I've been looking at the statements I found on these two Stack Exchange answers and I've been trying to prove them. The first claim is:
If $R$ is a PID and $0\neq r\in R$ is irreducible, then $R[X]/(r)\cong (R/(r))[X]$
The second claim follows from the first:
If $k$ is a field, and $p(X)$ is an irreducible in $k[X]$, then $K[X,Y]/(p(X)) \cong (K[X]/(p(X)))[Y]$
Attempt to prove claim 1: It looks like I can prove this using the First Isomorphism Theorem by finding a ring morphism $R[X] \hookrightarrow (R/(r))[X]$ with $(r)$ as the kernel.
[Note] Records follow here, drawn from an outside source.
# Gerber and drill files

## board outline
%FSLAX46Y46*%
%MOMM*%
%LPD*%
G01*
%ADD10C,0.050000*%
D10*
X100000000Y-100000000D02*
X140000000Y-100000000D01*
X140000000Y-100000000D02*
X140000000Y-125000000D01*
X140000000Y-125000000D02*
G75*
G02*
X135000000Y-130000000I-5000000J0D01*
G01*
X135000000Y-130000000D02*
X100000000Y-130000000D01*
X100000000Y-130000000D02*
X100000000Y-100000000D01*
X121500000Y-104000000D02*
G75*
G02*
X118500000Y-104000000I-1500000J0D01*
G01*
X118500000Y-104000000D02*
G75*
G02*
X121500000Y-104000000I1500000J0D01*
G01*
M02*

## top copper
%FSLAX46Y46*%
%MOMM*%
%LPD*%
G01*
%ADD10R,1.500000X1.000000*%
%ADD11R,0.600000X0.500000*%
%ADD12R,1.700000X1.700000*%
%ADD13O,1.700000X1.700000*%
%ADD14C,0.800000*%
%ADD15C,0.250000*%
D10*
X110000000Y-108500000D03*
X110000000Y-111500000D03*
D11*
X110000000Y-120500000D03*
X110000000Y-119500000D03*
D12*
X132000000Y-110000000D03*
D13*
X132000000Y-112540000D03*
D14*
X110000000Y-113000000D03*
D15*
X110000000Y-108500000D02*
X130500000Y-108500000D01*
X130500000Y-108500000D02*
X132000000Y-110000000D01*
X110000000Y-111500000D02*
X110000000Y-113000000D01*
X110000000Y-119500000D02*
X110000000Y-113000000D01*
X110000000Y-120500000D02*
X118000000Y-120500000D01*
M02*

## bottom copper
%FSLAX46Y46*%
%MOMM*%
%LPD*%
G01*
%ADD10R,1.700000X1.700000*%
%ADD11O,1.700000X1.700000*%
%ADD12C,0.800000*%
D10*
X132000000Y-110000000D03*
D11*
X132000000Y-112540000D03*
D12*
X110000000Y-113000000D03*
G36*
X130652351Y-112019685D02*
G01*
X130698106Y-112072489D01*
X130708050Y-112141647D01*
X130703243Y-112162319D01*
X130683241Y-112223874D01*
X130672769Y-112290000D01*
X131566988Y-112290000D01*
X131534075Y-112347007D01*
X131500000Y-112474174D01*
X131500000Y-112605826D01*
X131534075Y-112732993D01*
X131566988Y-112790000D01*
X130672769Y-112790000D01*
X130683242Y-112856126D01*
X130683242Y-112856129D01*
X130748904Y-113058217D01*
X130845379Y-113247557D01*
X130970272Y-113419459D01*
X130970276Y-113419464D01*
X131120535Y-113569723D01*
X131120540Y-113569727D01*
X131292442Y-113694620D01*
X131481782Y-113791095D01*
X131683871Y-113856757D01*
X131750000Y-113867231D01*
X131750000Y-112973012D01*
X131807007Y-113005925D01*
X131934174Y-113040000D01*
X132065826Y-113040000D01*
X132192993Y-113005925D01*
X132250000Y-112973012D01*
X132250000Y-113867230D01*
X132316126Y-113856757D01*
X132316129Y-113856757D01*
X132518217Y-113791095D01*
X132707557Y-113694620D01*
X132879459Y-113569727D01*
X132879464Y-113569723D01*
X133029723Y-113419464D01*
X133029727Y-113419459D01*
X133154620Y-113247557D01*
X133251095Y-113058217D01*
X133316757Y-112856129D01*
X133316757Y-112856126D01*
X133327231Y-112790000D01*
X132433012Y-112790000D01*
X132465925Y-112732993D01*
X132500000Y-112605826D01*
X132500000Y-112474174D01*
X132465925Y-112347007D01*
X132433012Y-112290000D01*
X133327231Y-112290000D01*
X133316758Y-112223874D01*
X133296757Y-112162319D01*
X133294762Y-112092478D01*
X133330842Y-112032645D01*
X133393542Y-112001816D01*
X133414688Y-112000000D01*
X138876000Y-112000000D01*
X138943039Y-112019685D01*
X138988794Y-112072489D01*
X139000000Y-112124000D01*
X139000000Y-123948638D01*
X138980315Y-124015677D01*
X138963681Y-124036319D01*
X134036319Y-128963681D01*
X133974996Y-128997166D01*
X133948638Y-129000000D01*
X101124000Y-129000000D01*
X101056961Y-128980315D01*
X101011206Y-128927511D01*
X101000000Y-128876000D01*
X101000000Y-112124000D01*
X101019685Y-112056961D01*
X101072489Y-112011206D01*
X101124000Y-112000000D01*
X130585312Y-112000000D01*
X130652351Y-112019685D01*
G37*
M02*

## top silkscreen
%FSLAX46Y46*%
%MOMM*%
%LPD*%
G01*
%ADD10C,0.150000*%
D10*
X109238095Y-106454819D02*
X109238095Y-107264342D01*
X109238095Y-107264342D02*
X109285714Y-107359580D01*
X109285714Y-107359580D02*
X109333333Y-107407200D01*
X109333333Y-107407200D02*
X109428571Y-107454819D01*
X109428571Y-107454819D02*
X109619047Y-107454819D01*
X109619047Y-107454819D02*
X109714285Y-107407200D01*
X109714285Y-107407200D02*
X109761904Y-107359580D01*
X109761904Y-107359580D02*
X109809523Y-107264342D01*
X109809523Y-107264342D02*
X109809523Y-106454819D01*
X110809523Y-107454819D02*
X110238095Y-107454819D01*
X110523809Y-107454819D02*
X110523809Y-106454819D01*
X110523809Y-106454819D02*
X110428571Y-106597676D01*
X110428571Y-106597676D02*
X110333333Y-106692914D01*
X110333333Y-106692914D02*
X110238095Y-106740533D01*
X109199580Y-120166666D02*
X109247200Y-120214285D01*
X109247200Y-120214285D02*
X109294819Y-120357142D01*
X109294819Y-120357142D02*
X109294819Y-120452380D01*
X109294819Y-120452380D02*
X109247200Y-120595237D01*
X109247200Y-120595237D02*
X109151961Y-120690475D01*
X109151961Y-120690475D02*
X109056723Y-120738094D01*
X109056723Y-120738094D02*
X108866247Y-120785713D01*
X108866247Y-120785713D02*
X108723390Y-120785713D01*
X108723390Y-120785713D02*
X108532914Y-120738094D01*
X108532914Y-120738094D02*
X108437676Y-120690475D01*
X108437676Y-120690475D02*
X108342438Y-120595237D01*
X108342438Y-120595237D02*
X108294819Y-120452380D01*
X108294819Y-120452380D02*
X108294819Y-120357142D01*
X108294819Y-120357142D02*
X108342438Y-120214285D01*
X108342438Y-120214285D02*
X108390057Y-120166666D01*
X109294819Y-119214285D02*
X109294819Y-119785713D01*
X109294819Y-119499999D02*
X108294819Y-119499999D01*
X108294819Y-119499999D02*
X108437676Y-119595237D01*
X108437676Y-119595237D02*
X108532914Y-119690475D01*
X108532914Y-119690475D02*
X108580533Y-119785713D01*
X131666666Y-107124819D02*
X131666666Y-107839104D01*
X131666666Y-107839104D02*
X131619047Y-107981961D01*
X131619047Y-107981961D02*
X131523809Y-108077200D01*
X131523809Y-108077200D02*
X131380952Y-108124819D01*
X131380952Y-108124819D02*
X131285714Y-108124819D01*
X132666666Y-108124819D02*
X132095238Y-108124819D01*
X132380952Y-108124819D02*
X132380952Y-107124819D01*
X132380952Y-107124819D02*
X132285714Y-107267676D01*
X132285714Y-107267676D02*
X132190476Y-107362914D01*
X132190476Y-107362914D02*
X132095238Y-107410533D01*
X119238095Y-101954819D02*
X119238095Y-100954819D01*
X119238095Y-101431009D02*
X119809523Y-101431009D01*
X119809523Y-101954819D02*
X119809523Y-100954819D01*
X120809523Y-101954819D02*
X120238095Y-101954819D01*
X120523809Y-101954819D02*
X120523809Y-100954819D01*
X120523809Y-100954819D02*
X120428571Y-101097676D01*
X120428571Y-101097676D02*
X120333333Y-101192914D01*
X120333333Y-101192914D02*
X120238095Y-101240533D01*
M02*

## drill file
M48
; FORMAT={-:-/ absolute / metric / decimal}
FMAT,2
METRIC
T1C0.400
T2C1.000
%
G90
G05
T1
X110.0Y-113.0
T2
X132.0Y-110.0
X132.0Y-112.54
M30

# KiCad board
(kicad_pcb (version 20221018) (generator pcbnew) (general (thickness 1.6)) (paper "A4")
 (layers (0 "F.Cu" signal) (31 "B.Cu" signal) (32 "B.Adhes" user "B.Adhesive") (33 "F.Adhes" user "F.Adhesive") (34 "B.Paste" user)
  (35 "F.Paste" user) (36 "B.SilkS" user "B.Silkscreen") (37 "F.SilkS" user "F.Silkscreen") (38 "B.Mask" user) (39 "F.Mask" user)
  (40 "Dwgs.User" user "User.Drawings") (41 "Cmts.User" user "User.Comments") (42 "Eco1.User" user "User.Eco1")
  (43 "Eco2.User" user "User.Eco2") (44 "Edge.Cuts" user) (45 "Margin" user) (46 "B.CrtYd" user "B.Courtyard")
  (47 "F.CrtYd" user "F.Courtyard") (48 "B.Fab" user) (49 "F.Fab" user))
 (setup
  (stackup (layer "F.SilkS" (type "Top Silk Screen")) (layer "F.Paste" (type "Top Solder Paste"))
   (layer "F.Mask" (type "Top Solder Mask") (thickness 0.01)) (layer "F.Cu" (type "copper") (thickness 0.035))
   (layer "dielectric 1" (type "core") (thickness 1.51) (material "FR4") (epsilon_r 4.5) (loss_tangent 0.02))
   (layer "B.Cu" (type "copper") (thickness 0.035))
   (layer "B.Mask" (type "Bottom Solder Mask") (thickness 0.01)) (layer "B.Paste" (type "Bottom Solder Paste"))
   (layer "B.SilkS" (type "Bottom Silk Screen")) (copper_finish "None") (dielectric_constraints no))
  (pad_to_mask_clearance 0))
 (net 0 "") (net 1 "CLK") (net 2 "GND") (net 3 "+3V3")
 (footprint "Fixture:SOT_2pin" (layer "F.Cu") (at 110 110)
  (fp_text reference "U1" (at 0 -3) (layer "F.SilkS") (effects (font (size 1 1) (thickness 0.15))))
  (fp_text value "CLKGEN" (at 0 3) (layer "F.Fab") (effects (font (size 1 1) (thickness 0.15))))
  (pad "1" smd rect (at 0 -1.5) (size 1.5 1) (layers "F.Cu" "F.Paste" "F.Mask") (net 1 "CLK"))
  (pad "2" smd rect (at 0 1.5) (size 1.5 1) (layers "F.Cu" "F.Paste" "F.Mask") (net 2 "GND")))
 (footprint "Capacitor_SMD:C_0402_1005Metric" (layer "F.Cu") (at 110 120 90)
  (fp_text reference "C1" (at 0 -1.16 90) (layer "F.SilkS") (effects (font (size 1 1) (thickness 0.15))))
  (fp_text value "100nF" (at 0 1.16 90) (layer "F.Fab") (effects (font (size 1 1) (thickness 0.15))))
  (pad "1" smd rect (at -0.5 0 90) (size 0.5 0.6) (layers "F.Cu" "F.Paste" "F.Mask") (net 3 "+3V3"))
  (pad "2" smd rect (at 0.5 0 90) (size 0.5 0.6) (layers "F.Cu" "F.Paste" "F.Mask") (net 2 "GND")))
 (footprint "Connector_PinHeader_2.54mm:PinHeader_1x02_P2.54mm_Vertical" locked (layer "F.Cu") (at 132 110)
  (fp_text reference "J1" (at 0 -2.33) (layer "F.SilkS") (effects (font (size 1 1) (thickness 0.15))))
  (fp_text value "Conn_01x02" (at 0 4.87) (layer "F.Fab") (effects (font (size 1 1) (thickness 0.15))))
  (pad "1" thru_hole rect (at 0 0) (size 1.7 1.7) (drill 1) (layers "*.Cu" "*.Mask") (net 1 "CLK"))
  (pad "2" thru_hole oval (at 0 2.54) (size 1.7 1.7) (drill 1) (layers "*.Cu" "*.Mask") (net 2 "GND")))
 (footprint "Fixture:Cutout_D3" (layer "F.Cu") (at 120 104)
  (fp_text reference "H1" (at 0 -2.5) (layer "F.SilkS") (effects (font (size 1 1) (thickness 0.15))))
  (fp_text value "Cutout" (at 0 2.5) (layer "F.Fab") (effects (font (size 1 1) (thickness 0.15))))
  (fp_circle (center 0 0) (end 1.5 0) (stroke (width 0.05) (type default)) (fill none) (layer "Edge.Cuts")))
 (gr_line (start 100 100) (end 140 100) (stroke (width 0.05) (type default)) (layer "Edge.Cuts"))
 (gr_line (start 140 100) (end 140 125) (stroke (width 0.05) (type default)) (layer "Edge.Cuts"))
 (gr_arc (start 140 125) (mid 138.535534 128.535534) (end 135 130) (stroke (width 0.05) (type default)) (layer "Edge.Cuts"))
 (gr_line (start 135 130) (end 100 130) (stroke (width 0.05) (type default)) (layer "Edge.Cuts"))
 (gr_line (start 100 130) (end 100 100) (stroke (width 0.05) (type default)) (layer "Edge.Cuts"))
 (segment (start 110 108.5) (end 130.5 108.5) (width 0.25) (layer "F.Cu") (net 1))
 (segment (start 130.5 108.5) (end 132 110) (width 0.25) (layer "F.Cu") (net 1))
 (segment (start 110 111.5) (end 110 113) (width 0.25) (layer "F.Cu") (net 2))
 (segment (start 110 119.5) (end 110 113) (width 0.25) (layer "F.Cu") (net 2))
 (segment (start 110 120.5) (end 118 120.5) (width 0.25) (layer "F.Cu") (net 3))
 (via (at 110 113) (size 0.8) (drill 0.4) (layers "F.Cu" "B.Cu") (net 2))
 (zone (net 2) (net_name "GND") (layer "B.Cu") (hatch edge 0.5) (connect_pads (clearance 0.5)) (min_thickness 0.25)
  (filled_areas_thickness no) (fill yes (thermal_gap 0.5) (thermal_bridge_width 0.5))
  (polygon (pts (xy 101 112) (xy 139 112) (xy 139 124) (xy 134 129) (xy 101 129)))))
However the only one I can think of is the following:
Let $f:R\rightarrow R/(r)$ be the projection $f(x)=\bar{x}$. Then we have the morphism of rings $\phi:R[X]\rightarrow (R/(r))[X]$ with the kernel $(r)[X]$ described as $\phi(a_nx^n+\cdots+a_1x+a_0)=\phi(a_nx^n)+\cdots+\phi(a_1x)+\phi(a_0)$ $=f(a_n)x^n+\cdots+f(a_1)x+f(a_0)=\bar{a_n}x^n+\cdots+\bar{a_1}x+\bar{a_0}$
Any help to prove this is appreciated!
edit: Further comment that I am interested whether the isomorphism hold only when $R$ is a commutative, unitary ring with any ideal $I$. There is utility in pulling out the '$[X]$' and treating any quotient of a ring polynomial as a ring polynomial with coefficients that are quotients i.e. $R[X]/I\cong (R/I)[X]$. Note I'm aware $R[X]/I[X] \cong (R/I)[X]$ holds.